Computer Organization and Structure

Computer Organization and Structure

Homework #4

Due: 2005/12/20

1. Consider two different implementations, I1 and I2, of the same instruction set. There are three classes of instructions (A, B, and C) in the instruction set. I1 has a clock rate of 6GHz, and I2 has a clock rate of 3GHz. The average number of cycles for each instruction class on I1 and I2 is given in the following table:

Class	CPI on M1	CPI on M2	C1 Usage	C2 Usage	C3 Usage
A	2	1	40%	40%	50%
B	3	2	40%	20%	25%
C	5	2	20%	40%	25%

The table also contains a summary of average proportion of instruction classes generated by three different compilers. C1 is a compiler produced by the makers of I1, C2 is produced by the makers of I2, and the other compiler is a third-party product. Assume that each compiler uses the same number of instructions for a given program but that the instruction mix is as described in the above table. Using C1 on both I1 and I2, how much faster can the makers of I1 claim I1 is compared to I2? Using C2, how much faster can the makers of I2 claim that I2 is compared to I1? If you purchase I1, which compiler would you use? If you purchased I2, which compiler would you use? Which computer and compiler would you purchase if all other criteria are identical, including cost?
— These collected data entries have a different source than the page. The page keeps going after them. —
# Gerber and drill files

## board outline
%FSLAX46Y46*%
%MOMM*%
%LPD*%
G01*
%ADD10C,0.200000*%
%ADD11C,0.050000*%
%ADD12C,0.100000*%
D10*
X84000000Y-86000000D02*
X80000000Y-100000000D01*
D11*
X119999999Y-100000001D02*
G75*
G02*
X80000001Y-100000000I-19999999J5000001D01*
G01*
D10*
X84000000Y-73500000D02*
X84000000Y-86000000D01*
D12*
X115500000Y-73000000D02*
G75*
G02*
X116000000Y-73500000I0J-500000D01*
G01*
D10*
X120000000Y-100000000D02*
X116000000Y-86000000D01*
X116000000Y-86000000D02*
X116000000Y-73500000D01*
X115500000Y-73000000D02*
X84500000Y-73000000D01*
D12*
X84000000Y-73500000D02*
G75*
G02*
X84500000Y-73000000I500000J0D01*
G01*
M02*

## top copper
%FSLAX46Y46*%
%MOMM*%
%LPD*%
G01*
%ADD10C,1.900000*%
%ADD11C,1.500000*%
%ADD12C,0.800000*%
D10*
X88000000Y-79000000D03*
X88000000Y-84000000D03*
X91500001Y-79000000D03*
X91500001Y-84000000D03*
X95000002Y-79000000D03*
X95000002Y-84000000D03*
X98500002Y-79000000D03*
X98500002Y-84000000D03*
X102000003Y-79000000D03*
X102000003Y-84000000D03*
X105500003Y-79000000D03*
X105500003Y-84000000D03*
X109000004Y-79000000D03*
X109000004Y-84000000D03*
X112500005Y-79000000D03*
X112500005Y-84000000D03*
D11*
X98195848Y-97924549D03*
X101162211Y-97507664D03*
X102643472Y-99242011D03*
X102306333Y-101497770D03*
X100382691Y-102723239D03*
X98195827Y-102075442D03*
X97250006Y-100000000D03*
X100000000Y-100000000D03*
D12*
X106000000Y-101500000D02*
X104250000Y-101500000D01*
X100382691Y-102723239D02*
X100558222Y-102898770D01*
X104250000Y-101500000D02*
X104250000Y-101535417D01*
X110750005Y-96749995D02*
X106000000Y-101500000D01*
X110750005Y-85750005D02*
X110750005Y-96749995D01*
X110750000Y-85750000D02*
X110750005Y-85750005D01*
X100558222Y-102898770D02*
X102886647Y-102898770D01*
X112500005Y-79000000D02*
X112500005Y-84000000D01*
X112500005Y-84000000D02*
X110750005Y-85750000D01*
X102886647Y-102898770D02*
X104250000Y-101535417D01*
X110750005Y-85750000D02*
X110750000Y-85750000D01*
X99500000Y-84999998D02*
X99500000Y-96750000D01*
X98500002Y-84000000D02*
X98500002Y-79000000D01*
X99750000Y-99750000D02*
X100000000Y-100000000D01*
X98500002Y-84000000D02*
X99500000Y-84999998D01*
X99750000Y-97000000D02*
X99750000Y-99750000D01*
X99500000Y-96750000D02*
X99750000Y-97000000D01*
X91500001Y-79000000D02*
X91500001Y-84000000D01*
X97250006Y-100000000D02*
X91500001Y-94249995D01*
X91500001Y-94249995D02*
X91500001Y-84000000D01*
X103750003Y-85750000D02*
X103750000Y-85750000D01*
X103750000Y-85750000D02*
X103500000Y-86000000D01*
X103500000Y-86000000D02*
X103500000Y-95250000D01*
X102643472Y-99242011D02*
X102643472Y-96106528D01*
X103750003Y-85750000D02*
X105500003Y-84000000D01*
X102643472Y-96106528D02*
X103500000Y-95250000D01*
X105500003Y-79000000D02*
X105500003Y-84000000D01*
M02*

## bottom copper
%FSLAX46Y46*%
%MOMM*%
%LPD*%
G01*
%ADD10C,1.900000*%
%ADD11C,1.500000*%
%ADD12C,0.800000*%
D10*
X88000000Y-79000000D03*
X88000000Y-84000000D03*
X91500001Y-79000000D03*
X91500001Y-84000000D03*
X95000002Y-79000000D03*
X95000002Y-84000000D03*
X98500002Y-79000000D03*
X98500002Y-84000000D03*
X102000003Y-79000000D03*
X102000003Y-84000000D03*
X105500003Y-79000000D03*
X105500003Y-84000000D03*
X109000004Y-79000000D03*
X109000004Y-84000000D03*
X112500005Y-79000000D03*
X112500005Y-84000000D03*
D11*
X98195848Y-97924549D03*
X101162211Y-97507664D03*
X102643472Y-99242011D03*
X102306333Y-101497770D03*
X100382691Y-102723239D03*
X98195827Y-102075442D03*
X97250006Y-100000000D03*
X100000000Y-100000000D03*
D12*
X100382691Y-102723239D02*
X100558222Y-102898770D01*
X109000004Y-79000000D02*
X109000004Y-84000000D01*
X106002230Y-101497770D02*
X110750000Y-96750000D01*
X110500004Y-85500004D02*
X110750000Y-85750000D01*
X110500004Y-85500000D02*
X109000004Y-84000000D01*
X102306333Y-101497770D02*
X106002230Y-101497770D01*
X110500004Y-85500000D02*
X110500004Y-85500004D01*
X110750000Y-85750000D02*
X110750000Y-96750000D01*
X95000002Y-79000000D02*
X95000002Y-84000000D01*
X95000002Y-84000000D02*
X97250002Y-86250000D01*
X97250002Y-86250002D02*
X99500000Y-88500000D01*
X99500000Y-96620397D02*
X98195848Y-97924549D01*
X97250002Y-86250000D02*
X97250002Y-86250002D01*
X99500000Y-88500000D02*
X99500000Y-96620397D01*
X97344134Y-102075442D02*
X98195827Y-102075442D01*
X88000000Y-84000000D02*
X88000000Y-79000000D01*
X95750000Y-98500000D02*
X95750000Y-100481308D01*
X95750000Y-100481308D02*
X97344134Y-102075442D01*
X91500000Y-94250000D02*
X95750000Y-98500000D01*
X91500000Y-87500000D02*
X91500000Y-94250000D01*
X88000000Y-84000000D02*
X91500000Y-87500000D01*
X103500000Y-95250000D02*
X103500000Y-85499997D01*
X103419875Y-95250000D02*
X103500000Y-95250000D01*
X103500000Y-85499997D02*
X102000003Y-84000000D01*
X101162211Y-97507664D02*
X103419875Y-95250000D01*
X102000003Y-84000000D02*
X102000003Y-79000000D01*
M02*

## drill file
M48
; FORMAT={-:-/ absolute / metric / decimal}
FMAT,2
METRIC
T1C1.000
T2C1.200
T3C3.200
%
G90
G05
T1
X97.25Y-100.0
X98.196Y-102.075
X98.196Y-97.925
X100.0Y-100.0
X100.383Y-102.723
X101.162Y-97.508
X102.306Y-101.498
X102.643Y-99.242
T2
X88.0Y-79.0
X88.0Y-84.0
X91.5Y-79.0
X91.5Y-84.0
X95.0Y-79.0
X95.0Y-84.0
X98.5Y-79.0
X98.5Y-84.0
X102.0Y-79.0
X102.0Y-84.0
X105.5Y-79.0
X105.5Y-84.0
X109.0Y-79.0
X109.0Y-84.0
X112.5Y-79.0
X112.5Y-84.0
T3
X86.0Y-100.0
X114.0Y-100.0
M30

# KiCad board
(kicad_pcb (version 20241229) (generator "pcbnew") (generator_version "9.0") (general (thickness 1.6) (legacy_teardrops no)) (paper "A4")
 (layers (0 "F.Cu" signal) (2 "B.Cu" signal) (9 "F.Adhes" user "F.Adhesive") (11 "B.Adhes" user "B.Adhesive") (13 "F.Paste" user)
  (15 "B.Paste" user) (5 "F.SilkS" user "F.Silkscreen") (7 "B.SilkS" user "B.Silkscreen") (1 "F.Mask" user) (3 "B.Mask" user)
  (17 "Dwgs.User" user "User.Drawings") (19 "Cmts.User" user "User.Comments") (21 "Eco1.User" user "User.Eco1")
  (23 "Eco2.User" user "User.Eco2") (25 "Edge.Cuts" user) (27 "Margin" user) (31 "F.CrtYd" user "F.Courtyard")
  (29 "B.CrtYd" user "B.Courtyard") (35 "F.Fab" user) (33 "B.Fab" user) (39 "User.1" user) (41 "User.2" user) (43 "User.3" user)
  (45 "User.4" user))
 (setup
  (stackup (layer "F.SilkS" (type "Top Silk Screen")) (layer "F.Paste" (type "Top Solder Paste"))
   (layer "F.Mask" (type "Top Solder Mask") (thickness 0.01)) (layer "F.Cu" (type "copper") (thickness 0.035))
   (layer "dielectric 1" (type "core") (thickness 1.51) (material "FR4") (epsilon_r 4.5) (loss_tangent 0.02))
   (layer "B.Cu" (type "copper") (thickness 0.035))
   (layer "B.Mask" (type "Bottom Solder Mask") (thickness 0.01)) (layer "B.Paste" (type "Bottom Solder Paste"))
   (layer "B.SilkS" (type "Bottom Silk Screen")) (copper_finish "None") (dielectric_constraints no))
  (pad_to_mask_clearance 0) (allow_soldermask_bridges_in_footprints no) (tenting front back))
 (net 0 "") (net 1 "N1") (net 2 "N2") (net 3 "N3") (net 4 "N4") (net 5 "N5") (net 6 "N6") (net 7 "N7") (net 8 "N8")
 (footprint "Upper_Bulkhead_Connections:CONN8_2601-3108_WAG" (layer "F.Cu") (at 88 79)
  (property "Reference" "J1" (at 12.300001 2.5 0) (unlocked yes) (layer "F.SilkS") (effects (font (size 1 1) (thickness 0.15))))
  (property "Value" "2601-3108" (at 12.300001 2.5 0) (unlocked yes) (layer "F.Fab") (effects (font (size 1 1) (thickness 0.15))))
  (pad "1" thru_hole circle (at 0 0) (size 1.9 1.9) (drill 1.2) (layers "*.Cu" "*.Mask") (remove_unused_layers no) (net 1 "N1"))
  (pad "2" thru_hole circle (at 0 5) (size 1.9 1.9) (drill 1.2) (layers "*.Cu" "*.Mask") (remove_unused_layers no) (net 1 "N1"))
  (pad "3" thru_hole circle (at 3.500001 0) (size 1.9 1.9) (drill 1.2) (layers "*.Cu" "*.Mask") (remove_unused_layers no) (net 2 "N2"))
  (pad "4" thru_hole circle (at 3.500001 5) (size 1.9 1.9) (drill 1.2) (layers "*.Cu" "*.Mask") (remove_unused_layers no) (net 2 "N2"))
  (pad "5" thru_hole circle (at 7.000002 0) (size 1.9 1.9) (drill 1.2) (layers "*.Cu" "*.Mask") (remove_unused_layers no) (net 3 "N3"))
  (pad "6" thru_hole circle (at 7.000002 5) (size 1.9 1.9) (drill 1.2) (layers "*.Cu" "*.Mask") (remove_unused_layers no) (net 3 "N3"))
  (pad "7" thru_hole circle (at 10.500002 0) (size 1.9 1.9) (drill 1.2) (layers "*.Cu" "*.Mask") (remove_unused_layers no) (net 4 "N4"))
  (pad "8" thru_hole circle (at 10.500002 5) (size 1.9 1.9) (drill 1.2) (layers "*.Cu" "*.Mask") (remove_unused_layers no) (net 4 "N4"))
  (pad "9" thru_hole circle (at 14.000003 0) (size 1.9 1.9) (drill 1.2) (layers "*.Cu" "*.Mask") (remove_unused_layers no) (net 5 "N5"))
  (pad "10" thru_hole circle (at 14.000003 5) (size 1.9 1.9) (drill 1.2) (layers "*.Cu" "*.Mask") (remove_unused_layers no) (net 5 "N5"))
  (pad "11" thru_hole circle (at 17.500003 0) (size 1.9 1.9) (drill 1.2) (layers "*.Cu" "*.Mask") (remove_unused_layers no) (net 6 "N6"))
  (pad "12" thru_hole circle (at 17.500003 5) (size 1.9 1.9) (drill 1.2) (layers "*.Cu" "*.Mask") (remove_unused_layers no) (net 6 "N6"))
  (pad "13" thru_hole circle (at 21.000004 0) (size 1.9 1.9) (drill 1.2) (layers "*.Cu" "*.Mask") (remove_unused_layers no) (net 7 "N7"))
  (pad "14" thru_hole circle (at 21.000004 5) (size 1.9 1.9) (drill 1.2) (layers "*.Cu" "*.Mask") (remove_unused_layers no) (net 7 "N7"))
  (pad "15" thru_hole circle (at 24.500005 0) (size 1.9 1.9) (drill 1.2) (layers "*.Cu" "*.Mask") (remove_unused_layers no) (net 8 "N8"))
  (pad "16" thru_hole circle (at 24.500005 5) (size 1.9 1.9) (drill 1.2) (layers "*.Cu" "*.Mask") (remove_unused_layers no) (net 8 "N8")))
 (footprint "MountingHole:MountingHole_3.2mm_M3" (layer "F.Cu") (at 86 100)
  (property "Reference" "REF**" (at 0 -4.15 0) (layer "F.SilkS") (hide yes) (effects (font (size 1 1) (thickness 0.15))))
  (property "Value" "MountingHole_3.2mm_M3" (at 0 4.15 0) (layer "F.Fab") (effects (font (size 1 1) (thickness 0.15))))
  (pad "" np_thru_hole circle (at 0 0) (size 3.2 3.2) (drill 3.2) (layers "*.Cu" "*.Mask")))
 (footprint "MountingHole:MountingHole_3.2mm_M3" (layer "F.Cu") (at 114 100)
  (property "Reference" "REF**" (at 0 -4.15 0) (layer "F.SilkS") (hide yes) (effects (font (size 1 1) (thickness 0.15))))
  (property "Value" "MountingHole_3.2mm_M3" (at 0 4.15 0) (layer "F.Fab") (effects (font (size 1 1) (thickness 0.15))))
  (pad "" np_thru_hole circle (at 0 0) (size 3.2 3.2) (drill 3.2) (layers "*.Cu" "*.Mask")))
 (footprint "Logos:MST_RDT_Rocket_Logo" (layer "F.Cu") (at 110 107)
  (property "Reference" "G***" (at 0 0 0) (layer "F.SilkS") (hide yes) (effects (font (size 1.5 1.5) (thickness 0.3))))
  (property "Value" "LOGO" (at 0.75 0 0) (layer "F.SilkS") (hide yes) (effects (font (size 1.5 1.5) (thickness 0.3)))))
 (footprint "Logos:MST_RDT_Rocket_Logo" (layer "B.Cu") (at 90 107 180)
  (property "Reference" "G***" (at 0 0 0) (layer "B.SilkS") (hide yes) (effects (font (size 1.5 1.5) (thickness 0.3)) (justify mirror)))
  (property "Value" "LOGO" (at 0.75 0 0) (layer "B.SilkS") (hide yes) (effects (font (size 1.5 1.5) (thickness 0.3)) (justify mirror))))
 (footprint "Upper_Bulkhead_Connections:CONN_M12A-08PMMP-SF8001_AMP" (layer "B.Cu") (at 100 100 90)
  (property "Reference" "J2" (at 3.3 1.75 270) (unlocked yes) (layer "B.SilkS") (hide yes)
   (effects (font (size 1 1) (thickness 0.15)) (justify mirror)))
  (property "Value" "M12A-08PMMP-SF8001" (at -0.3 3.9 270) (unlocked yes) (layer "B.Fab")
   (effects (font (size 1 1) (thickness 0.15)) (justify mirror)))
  (pad "1" thru_hole circle (at 2.075451 -1.804152 90) (size 1.5 1.5) (drill 1) (layers "*.Cu" "*.Mask") (remove_unused_layers no)
   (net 3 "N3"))
  (pad "2" thru_hole circle (at 2.492336 1.162211 38.572) (size 1.5 1.5) (drill 1) (layers "*.Cu" "*.Mask") (remove_unused_layers no)
   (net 5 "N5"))
  (pad "3" thru_hole circle (at 0.757989 2.643472 347.143) (size 1.5 1.5) (drill 1) (layers "*.Cu" "*.Mask") (remove_unused_layers no)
2. Suppose we have a floating-point unit that requires 400 ps for a floating-point add and 600 ps for a floating-point multiply, not including the time to get the instruction or read and write any registers, which take the same as for an integer instruction. Assume that the functional unit times are the following:

l Memory units: 200ps

l ALU and adders: 100ps

l Register file (read or write): 50ps

Assume the following:

l All loads take the same time and comprise 30% of the instructions.

l All stores take the same time and comprise 15% of the instructions.
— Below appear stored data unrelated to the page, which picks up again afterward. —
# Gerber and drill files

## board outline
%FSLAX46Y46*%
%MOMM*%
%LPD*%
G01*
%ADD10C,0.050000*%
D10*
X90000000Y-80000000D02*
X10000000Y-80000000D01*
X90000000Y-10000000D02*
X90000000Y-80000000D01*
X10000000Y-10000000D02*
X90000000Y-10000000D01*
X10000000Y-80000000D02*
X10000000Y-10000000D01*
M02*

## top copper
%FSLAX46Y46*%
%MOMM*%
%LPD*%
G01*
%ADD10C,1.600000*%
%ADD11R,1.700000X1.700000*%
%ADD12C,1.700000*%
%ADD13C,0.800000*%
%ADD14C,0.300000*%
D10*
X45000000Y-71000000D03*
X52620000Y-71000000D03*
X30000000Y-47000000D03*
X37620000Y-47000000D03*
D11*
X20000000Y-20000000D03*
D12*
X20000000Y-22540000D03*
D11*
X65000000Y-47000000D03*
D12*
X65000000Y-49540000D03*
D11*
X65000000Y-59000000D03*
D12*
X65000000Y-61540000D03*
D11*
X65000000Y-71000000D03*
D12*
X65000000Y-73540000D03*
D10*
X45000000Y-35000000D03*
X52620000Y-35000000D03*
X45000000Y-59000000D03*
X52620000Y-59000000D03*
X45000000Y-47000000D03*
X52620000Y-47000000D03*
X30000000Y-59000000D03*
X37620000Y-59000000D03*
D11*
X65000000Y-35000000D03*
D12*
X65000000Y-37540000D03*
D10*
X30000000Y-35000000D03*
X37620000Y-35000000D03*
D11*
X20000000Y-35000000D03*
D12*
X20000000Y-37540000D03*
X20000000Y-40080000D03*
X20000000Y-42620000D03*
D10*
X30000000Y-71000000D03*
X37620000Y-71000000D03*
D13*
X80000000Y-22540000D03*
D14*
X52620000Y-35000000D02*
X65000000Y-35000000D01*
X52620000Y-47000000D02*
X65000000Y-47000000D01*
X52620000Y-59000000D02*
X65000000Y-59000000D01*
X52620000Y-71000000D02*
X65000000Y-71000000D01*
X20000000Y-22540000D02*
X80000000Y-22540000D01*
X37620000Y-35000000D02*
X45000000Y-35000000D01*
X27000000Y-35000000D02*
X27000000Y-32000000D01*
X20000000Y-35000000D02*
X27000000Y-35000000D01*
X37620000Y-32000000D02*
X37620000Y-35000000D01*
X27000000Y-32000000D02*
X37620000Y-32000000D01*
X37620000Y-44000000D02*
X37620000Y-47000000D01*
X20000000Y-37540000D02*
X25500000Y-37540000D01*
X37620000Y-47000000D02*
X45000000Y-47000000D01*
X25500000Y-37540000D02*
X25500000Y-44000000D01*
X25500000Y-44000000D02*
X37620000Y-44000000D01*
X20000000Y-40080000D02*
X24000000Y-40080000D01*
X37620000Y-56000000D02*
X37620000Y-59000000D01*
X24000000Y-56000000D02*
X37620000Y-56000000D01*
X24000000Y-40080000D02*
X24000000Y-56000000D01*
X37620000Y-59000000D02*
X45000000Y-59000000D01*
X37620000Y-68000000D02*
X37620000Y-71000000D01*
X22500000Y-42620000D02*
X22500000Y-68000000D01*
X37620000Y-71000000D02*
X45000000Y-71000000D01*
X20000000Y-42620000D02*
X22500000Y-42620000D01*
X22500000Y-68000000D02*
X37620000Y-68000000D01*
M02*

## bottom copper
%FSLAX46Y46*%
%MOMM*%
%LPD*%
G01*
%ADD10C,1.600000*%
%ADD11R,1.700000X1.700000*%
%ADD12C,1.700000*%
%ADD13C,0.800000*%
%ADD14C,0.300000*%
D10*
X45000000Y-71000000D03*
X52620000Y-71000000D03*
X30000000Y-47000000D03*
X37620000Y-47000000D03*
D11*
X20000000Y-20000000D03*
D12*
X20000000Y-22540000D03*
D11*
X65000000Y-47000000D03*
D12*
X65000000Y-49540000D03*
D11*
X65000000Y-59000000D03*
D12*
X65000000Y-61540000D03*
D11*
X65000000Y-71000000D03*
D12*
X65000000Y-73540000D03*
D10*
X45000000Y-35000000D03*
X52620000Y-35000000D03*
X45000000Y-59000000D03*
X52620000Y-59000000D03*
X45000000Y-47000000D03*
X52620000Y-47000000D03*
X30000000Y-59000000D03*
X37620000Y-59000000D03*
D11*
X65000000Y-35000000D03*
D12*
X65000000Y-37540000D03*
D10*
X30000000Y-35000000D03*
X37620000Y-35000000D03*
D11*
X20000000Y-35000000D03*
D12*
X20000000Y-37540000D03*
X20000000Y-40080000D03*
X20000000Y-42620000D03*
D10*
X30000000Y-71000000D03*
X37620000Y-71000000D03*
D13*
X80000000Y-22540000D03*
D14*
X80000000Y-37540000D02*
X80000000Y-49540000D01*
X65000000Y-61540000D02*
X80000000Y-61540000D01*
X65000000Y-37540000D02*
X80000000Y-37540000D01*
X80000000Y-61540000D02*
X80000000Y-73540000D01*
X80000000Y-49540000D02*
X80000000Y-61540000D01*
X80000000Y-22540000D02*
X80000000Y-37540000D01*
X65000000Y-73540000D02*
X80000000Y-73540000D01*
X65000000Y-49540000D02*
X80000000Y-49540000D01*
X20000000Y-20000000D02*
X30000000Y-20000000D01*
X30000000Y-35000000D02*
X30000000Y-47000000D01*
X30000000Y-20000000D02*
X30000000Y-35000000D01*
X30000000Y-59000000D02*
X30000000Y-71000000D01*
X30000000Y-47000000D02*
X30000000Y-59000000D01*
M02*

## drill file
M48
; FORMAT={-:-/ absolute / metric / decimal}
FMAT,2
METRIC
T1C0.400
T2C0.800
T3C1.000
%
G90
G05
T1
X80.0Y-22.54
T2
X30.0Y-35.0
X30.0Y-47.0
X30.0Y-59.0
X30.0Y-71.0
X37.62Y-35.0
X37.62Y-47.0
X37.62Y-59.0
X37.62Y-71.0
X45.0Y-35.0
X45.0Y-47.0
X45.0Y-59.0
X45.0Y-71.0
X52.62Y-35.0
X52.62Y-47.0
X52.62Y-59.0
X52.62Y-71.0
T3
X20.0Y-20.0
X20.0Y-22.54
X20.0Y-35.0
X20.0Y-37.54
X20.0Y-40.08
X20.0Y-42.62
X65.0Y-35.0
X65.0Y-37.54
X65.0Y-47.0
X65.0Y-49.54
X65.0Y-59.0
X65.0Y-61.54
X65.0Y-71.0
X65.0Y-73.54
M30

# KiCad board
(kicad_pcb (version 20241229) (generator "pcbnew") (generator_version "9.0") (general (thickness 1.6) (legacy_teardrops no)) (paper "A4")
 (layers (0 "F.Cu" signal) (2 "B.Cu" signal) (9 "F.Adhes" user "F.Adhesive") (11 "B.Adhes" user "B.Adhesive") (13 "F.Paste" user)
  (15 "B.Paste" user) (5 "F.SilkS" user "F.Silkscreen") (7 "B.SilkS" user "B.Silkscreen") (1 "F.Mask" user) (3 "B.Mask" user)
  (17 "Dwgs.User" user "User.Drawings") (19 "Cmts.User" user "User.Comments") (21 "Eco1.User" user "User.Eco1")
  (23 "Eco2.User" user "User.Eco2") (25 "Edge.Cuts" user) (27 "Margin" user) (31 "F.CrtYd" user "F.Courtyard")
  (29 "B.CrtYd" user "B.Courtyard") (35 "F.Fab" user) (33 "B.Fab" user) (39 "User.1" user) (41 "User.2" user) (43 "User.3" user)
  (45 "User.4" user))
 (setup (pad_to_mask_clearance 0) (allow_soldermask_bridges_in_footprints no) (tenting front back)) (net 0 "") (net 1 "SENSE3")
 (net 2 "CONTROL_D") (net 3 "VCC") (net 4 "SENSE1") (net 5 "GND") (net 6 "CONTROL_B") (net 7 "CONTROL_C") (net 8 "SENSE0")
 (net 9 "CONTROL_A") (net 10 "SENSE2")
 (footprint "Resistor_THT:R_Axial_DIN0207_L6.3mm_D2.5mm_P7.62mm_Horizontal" (layer "F.Cu") (at 45 71)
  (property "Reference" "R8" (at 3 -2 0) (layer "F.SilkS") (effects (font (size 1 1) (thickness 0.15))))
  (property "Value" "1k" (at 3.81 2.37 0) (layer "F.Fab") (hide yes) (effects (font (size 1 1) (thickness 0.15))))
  (pad "1" thru_hole circle (at 0 0) (size 1.6 1.6) (drill 0.8) (layers "*.Cu" "*.Mask") (remove_unused_layers no) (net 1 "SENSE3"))
  (pad "2" thru_hole circle (at 7.62 0) (size 1.6 1.6) (drill 0.8) (layers "*.Cu" "*.Mask") (remove_unused_layers no) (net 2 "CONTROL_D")))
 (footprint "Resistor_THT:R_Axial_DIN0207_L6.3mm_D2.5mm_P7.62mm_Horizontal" (layer "F.Cu") (at 30 47)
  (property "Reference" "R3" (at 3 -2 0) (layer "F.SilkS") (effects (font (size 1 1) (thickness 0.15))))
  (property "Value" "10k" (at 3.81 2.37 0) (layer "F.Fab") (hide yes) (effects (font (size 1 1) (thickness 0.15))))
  (pad "1" thru_hole circle (at 0 0) (size 1.6 1.6) (drill 0.8) (layers "*.Cu" "*.Mask") (remove_unused_layers no) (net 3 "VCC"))
  (pad "2" thru_hole circle (at 7.62 0) (size 1.6 1.6) (drill 0.8) (layers "*.Cu" "*.Mask") (remove_unused_layers no) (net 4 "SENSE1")))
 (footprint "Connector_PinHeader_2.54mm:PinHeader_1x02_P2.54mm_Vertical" (layer "F.Cu") (at 20 20)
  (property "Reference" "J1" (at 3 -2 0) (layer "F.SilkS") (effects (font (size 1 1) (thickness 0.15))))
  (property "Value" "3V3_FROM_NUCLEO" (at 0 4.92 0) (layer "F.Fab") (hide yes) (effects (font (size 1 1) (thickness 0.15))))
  (pad "1" thru_hole rect (at 0 0) (size 1.7 1.7) (drill 1) (layers "*.Cu" "*.Mask") (remove_unused_layers no) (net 3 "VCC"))
  (pad "2" thru_hole circle (at 0 2.54) (size 1.7 1.7) (drill 1) (layers "*.Cu" "*.Mask") (remove_unused_layers no) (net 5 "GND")))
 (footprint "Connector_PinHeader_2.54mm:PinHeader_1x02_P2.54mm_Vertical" (layer "F.Cu") (at 65 47)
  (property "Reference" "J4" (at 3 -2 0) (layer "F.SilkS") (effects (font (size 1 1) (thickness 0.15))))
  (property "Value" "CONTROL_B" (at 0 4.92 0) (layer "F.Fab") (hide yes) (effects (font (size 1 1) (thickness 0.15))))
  (pad "1" thru_hole rect (at 0 0) (size 1.7 1.7) (drill 1) (layers "*.Cu" "*.Mask") (remove_unused_layers no) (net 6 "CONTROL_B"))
l R-format instructions comprise 25% of the mix.

l Branches comprise 10% of the instructions, while jumps comprise 5%.

l FP add and subtract take the same time and together total 5% of the instructions.

l FP multiply and divide take the same time and together total 10% of the instructions.

Find (a) the time for the FP operations, (b) the time for the processor with a single clock cycle length equal to the longest instruction, and (c) the time for the processor with a varying length clock.

3. We wish to add the instructions jr (jump register), sll (shift left logical), lui (load upper immediate), and a variant of the lw (load word) instruction to the single-cycle datapath. The variant of the lw instruction increments the index register after loading word from memory. This instruction (l_inc) corresponds to the following two instructions:

lw $rs, L($rt)

addi $rt, $rt, 1

Add any necessary datapaths and control signals to Figure 1 and show the necessary additions to Table 1. You can photocopy Figure 1 and Table 1 to make it faster to show the additions.

Figure 1: The simple datapath with the control unit.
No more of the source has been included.